HOW TO COMPLETE THIS TASK >>
From the records below, set down exactly the lines starting with the line that contains "X131003819Y-77647666D01*" and going on through the line that contains "X131860961Y-77409571D01*". Nothing else is wanted.

INPUT DATA >>
________________________________________

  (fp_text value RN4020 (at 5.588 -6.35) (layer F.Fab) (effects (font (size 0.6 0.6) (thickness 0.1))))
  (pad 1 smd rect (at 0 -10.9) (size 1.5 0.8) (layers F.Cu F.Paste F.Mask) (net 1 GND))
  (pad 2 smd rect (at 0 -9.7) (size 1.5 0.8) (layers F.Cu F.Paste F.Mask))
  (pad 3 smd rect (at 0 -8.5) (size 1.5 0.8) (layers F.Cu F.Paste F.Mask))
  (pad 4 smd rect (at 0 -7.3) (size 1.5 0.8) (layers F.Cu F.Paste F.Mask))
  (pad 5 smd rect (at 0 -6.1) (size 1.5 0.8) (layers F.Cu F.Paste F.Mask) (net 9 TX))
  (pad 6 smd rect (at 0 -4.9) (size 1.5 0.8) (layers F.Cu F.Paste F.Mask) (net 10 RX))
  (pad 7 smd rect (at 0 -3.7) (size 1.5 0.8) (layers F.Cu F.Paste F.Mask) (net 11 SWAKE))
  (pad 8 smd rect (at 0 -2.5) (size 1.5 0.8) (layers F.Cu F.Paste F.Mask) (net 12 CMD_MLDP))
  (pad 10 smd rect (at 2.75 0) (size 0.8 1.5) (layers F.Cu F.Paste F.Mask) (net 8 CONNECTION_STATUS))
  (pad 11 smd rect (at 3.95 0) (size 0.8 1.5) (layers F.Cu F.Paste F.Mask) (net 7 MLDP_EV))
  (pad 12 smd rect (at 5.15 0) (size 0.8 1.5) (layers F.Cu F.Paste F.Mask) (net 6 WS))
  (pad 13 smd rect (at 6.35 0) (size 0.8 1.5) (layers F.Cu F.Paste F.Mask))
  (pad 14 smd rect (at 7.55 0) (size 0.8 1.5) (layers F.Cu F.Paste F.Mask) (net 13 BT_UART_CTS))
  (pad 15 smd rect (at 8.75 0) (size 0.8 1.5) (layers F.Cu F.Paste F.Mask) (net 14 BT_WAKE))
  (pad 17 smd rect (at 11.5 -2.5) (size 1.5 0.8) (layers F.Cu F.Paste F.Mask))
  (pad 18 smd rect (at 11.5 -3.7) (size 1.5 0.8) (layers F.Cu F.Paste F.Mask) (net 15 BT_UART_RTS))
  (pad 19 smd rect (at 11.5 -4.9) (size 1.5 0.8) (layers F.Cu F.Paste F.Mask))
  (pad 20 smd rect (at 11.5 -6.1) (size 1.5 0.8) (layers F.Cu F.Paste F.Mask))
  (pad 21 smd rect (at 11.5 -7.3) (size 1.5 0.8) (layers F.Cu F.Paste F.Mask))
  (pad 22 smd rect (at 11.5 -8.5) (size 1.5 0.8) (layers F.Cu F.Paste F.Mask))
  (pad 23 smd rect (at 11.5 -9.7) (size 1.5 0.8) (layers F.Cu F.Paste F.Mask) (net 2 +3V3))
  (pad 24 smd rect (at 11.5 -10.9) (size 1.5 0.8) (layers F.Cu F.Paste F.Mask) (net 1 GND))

________________________________________

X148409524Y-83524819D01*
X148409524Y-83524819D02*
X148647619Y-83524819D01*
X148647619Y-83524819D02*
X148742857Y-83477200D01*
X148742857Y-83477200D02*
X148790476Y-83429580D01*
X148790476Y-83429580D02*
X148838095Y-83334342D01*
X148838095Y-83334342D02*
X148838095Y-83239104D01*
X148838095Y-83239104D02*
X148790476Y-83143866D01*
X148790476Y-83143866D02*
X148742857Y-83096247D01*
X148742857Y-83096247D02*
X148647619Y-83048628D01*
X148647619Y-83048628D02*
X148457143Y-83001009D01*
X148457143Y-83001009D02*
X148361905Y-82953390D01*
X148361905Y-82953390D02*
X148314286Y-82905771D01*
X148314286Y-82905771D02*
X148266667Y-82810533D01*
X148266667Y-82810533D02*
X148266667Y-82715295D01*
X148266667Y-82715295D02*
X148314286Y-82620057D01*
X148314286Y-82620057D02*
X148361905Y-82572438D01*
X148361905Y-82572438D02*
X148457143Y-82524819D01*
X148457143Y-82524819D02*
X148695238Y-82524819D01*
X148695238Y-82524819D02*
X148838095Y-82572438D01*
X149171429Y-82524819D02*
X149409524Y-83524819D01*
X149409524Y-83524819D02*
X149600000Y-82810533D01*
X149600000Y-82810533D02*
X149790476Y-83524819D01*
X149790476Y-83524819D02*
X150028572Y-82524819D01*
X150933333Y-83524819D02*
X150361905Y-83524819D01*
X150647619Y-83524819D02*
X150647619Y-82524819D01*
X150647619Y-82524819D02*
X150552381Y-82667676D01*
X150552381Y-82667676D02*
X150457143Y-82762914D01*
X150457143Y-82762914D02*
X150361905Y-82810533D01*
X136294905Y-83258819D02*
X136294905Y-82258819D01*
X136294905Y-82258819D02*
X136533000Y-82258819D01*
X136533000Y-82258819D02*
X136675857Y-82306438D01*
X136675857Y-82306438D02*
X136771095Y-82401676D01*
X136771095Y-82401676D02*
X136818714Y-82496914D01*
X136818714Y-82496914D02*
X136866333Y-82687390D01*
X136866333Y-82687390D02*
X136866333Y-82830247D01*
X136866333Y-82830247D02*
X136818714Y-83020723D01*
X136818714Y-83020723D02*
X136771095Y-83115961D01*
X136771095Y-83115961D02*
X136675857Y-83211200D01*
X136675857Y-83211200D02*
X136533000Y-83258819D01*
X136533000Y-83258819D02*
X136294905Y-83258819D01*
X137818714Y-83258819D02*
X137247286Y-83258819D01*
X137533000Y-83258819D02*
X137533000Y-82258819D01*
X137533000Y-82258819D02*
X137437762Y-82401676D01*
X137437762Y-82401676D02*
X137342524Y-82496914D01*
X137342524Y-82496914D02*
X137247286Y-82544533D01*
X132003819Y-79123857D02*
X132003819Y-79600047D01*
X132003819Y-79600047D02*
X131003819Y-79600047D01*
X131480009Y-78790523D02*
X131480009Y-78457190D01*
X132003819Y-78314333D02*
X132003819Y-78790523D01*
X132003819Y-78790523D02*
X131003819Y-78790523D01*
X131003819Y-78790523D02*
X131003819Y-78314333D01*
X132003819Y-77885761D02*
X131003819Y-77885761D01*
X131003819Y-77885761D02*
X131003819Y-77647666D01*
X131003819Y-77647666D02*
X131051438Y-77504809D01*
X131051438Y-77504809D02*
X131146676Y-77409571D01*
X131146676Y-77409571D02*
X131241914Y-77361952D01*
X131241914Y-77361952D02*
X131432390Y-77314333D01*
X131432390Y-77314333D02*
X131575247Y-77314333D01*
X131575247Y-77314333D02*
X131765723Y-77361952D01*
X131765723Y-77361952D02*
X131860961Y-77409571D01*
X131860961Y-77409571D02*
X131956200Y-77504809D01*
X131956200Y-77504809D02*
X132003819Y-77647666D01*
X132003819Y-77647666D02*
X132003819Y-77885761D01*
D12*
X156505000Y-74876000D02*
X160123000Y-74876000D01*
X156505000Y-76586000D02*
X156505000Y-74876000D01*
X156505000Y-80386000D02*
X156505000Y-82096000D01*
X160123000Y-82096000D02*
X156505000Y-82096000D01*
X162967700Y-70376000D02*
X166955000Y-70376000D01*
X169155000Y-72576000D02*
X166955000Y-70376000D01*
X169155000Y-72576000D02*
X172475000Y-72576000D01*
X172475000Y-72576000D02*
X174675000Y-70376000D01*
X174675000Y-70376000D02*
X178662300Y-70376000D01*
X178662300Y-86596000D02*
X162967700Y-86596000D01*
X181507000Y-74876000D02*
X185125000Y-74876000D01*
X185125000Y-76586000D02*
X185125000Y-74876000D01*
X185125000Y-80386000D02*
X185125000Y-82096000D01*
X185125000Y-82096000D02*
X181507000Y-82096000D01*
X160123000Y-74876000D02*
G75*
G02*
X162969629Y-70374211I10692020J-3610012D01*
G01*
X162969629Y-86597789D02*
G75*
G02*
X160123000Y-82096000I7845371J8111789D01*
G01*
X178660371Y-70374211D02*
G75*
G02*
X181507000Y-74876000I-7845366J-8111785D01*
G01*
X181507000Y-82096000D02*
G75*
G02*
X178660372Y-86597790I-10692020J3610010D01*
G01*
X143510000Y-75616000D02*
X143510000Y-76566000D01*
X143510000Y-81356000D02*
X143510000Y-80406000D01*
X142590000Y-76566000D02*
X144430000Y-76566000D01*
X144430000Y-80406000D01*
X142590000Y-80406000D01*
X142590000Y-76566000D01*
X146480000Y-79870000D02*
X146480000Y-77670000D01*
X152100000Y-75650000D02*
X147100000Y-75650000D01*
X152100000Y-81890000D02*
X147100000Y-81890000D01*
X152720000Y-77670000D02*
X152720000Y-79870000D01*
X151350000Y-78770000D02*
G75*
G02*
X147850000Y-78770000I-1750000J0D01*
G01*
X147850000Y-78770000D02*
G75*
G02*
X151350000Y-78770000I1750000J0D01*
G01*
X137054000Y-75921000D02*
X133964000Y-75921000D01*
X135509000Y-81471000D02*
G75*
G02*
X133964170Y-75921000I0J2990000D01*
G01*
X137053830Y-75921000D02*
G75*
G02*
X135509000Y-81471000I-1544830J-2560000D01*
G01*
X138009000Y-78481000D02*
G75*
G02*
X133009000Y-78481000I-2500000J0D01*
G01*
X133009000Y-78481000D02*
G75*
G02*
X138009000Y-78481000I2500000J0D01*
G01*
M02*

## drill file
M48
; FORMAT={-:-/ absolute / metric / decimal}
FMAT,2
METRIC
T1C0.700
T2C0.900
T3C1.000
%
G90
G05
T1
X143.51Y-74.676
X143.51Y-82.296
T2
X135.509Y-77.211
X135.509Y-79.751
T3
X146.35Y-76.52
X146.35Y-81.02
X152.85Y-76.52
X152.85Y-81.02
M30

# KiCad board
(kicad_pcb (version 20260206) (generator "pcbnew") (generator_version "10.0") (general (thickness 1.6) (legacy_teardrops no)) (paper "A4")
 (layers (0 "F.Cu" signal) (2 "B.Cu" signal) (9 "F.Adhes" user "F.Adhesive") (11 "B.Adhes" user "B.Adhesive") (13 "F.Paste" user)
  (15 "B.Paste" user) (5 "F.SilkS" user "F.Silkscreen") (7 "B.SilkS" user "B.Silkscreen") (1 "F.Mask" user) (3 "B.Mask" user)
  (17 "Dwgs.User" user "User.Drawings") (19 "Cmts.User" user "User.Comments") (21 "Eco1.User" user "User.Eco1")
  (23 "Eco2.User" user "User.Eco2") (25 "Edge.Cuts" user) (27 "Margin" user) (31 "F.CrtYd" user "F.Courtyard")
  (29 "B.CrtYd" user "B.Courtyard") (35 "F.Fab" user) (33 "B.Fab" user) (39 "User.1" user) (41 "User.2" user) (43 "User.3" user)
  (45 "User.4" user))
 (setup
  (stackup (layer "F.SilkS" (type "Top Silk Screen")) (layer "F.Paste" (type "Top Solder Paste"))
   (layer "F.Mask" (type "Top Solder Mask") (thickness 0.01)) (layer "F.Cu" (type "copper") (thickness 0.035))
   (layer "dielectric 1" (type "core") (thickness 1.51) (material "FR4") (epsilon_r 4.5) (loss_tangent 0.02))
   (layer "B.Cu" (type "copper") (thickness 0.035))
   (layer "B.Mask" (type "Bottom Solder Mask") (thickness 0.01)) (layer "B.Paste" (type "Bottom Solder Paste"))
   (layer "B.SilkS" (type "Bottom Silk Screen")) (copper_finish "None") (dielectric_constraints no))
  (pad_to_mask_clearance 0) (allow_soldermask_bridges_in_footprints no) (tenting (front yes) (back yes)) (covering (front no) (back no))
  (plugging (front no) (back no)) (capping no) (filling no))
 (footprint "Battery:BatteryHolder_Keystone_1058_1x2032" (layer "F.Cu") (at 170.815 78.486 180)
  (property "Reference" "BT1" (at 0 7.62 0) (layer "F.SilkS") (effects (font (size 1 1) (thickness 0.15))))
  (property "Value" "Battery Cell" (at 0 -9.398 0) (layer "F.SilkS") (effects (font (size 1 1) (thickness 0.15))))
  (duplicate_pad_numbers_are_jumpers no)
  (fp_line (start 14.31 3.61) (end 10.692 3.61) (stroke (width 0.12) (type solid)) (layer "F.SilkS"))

________________________________________

COMPLETED TASK >>
X131003819Y-77647666D01*
X131003819Y-77647666D02*
X131051438Y-77504809D01*
X131051438Y-77504809D02*
X131146676Y-77409571D01*
X131146676Y-77409571D02*
X131241914Y-77361952D01*
X131241914Y-77361952D02*
X131432390Y-77314333D01*
X131432390Y-77314333D02*
X131575247Y-77314333D01*
X131575247Y-77314333D02*
X131765723Y-77361952D01*
X131765723Y-77361952D02*
X131860961Y-77409571D01*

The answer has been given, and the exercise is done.